[Saved entries]

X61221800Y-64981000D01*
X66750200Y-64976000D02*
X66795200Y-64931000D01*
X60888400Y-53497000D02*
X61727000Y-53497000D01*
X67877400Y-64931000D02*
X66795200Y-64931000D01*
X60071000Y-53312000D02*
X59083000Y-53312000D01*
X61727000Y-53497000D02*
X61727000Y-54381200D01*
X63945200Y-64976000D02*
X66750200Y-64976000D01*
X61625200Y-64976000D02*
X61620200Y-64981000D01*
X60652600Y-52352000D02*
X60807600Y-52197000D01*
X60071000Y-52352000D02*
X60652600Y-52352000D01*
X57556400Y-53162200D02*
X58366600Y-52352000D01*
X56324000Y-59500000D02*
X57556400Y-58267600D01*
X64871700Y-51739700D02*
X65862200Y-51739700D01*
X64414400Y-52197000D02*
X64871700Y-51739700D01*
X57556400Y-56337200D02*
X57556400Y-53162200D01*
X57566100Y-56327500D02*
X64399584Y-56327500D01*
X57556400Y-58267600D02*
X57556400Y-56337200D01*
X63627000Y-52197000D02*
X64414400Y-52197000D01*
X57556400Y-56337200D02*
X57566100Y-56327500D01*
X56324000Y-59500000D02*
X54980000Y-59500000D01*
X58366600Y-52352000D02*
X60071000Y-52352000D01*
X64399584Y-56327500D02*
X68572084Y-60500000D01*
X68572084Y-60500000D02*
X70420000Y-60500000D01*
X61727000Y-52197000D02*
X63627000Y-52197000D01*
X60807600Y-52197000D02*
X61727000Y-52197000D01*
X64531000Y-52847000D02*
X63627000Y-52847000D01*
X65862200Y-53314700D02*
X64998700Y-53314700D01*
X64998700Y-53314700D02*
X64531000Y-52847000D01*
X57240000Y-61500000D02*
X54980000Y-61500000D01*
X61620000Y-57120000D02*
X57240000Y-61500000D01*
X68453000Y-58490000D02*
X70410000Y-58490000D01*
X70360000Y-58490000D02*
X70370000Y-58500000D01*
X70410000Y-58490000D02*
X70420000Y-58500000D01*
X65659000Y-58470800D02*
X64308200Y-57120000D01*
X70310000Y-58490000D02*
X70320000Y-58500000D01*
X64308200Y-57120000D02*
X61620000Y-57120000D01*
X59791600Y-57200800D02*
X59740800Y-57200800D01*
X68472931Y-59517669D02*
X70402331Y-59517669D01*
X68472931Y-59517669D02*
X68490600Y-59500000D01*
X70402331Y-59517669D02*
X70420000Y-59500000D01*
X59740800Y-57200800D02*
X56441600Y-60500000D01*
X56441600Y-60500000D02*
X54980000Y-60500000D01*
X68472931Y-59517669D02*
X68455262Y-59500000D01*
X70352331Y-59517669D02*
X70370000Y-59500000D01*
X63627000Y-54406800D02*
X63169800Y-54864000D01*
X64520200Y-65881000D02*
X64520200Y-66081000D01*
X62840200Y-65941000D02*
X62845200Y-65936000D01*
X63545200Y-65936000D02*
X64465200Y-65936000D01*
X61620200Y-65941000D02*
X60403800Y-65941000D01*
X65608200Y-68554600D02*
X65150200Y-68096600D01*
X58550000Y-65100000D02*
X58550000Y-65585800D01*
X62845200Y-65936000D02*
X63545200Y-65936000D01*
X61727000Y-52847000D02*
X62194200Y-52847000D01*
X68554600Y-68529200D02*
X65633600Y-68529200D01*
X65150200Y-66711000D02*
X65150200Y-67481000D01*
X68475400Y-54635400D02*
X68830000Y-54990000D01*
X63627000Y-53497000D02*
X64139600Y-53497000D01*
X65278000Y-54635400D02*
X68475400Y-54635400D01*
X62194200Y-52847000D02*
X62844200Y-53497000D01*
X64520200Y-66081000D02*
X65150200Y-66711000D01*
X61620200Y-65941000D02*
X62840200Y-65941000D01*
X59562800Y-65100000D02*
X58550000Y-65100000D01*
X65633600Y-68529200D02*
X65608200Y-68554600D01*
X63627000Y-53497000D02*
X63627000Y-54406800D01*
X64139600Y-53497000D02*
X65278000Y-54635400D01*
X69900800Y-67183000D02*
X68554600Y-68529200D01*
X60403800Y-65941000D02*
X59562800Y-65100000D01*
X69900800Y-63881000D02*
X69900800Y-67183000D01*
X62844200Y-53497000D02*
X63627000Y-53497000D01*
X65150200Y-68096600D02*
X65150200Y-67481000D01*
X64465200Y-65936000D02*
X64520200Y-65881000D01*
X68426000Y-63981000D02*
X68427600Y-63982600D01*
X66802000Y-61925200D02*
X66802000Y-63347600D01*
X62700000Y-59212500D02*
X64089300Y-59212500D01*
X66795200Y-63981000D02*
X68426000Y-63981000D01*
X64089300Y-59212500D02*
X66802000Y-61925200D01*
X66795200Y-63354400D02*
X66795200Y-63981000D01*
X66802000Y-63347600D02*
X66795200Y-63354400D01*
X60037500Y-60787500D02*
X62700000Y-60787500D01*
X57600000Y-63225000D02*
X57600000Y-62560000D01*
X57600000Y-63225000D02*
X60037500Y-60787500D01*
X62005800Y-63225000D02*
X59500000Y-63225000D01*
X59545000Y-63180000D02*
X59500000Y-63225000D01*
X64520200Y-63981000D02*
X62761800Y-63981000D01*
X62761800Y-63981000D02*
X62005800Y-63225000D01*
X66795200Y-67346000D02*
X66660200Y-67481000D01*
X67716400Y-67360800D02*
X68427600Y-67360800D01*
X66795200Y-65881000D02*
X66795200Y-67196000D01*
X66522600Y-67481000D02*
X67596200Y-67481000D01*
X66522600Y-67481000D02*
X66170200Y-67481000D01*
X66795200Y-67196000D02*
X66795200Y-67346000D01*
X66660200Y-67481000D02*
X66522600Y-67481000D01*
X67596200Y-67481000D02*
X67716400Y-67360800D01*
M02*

### Instructions for the task:
With nothing left out, copy the data above exactly.

### Answer for this exercise:
X61221800Y-64981000D01*
X66750200Y-64976000D02*
X66795200Y-64931000D01*
X60888400Y-53497000D02*
X61727000Y-53497000D01*
X67877400Y-64931000D02*
X66795200Y-64931000D01*
X60071000Y-53312000D02*
X59083000Y-53312000D01*
X61727000Y-53497000D02*
X61727000Y-54381200D01*
X63945200Y-64976000D02*
X66750200Y-64976000D01*
X61625200Y-64976000D02*
X61620200Y-64981000D01*
X60652600Y-52352000D02*
X60807600Y-52197000D01*
X60071000Y-52352000D02*
X60652600Y-52352000D01*
X57556400Y-53162200D02*
X58366600Y-52352000D01*
X56324000Y-59500000D02*
X57556400Y-58267600D01*
X64871700Y-51739700D02*
X65862200Y-51739700D01*
X64414400Y-52197000D02*
X64871700Y-51739700D01*
X57556400Y-56337200D02*
X57556400Y-53162200D01*
X57566100Y-56327500D02*
X64399584Y-56327500D01*
X57556400Y-58267600D02*
X57556400Y-56337200D01*
X63627000Y-52197000D02*
X64414400Y-52197000D01*
X57556400Y-56337200D02*
X57566100Y-56327500D01*
X56324000Y-59500000D02*
X54980000Y-59500000D01*
X58366600Y-52352000D02*
X60071000Y-52352000D01*
X64399584Y-56327500D02*
X68572084Y-60500000D01*
X68572084Y-60500000D02*
X70420000Y-60500000D01*
X61727000Y-52197000D02*
X63627000Y-52197000D01*
X60807600Y-52197000D02*
X61727000Y-52197000D01*
X64531000Y-52847000D02*
X63627000Y-52847000D01*
X65862200Y-53314700D02*
X64998700Y-53314700D01*
X64998700Y-53314700D02*
X64531000Y-52847000D01*
X57240000Y-61500000D02*
X54980000Y-61500000D01*
X61620000Y-57120000D02*
X57240000Y-61500000D01*
X68453000Y-58490000D02*
X70410000Y-58490000D01*
X70360000Y-58490000D02*
X70370000Y-58500000D01*
X70410000Y-58490000D02*
X70420000Y-58500000D01*
X65659000Y-58470800D02*
X64308200Y-57120000D01*
X70310000Y-58490000D02*
X70320000Y-58500000D01*
X64308200Y-57120000D02*
X61620000Y-57120000D01*
X59791600Y-57200800D02*
X59740800Y-57200800D01*
X68472931Y-59517669D02*
X70402331Y-59517669D01*
X68472931Y-59517669D02*
X68490600Y-59500000D01*
X70402331Y-59517669D02*
X70420000Y-59500000D01*
X59740800Y-57200800D02*
X56441600Y-60500000D01*
X56441600Y-60500000D02*
X54980000Y-60500000D01*
X68472931Y-59517669D02*
X68455262Y-59500000D01*
X70352331Y-59517669D02*
X70370000Y-59500000D01*
X63627000Y-54406800D02*
X63169800Y-54864000D01*
X64520200Y-65881000D02*
X64520200Y-66081000D01*
X62840200Y-65941000D02*
X62845200Y-65936000D01*
X63545200Y-65936000D02*
X64465200Y-65936000D01*
X61620200Y-65941000D02*
X60403800Y-65941000D01*
X65608200Y-68554600D02*
X65150200Y-68096600D01*
X58550000Y-65100000D02*
X58550000Y-65585800D01*
X62845200Y-65936000D02*
X63545200Y-65936000D01*
X61727000Y-52847000D02*
X62194200Y-52847000D01*
X68554600Y-68529200D02*
X65633600Y-68529200D01*
X65150200Y-66711000D02*
X65150200Y-67481000D01*
X68475400Y-54635400D02*
X68830000Y-54990000D01*
X63627000Y-53497000D02*
X64139600Y-53497000D01*
X65278000Y-54635400D02*
X68475400Y-54635400D01*
X62194200Y-52847000D02*
X62844200Y-53497000D01*
X64520200Y-66081000D02*
X65150200Y-66711000D01*
X61620200Y-65941000D02*
X62840200Y-65941000D01*
X59562800Y-65100000D02*
X58550000Y-65100000D01*
X65633600Y-68529200D02*
X65608200Y-68554600D01*
X63627000Y-53497000D02*
X63627000Y-54406800D01*
X64139600Y-53497000D02*
X65278000Y-54635400D01*
X69900800Y-67183000D02*
X68554600Y-68529200D01*
X60403800Y-65941000D02*
X59562800Y-65100000D01*
X69900800Y-63881000D02*
X69900800Y-67183000D01*
X62844200Y-53497000D02*
X63627000Y-53497000D01*
X65150200Y-68096600D02*
X65150200Y-67481000D01*
X64465200Y-65936000D02*
X64520200Y-65881000D01*
X68426000Y-63981000D02*
X68427600Y-63982600D01*
X66802000Y-61925200D02*
X66802000Y-63347600D01*
X62700000Y-59212500D02*
X64089300Y-59212500D01*
X66795200Y-63981000D02*
X68426000Y-63981000D01*
X64089300Y-59212500D02*
X66802000Y-61925200D01*
X66795200Y-63354400D02*
X66795200Y-63981000D01*
X66802000Y-63347600D02*
X66795200Y-63354400D01*
X60037500Y-60787500D02*
X62700000Y-60787500D01*
X57600000Y-63225000D02*
X57600000Y-62560000D01*
X57600000Y-63225000D02*
X60037500Y-60787500D01*
X62005800Y-63225000D02*
X59500000Y-63225000D01*
X59545000Y-63180000D02*
X59500000Y-63225000D01*
X64520200Y-63981000D02*
X62761800Y-63981000D01*
X62761800Y-63981000D02*
X62005800Y-63225000D01*
X66795200Y-67346000D02*
X66660200Y-67481000D01*
X67716400Y-67360800D02*
X68427600Y-67360800D01*
X66795200Y-65881000D02*
X66795200Y-67196000D01*
X66522600Y-67481000D02*
X67596200Y-67481000D01*
X66522600Y-67481000D02*
X66170200Y-67481000D01*
X66795200Y-67196000D02*
X66795200Y-67346000D01*
X66660200Y-67481000D02*
X66522600Y-67481000D01*
X67596200Y-67481000D02*
X67716400Y-67360800D01*
M02*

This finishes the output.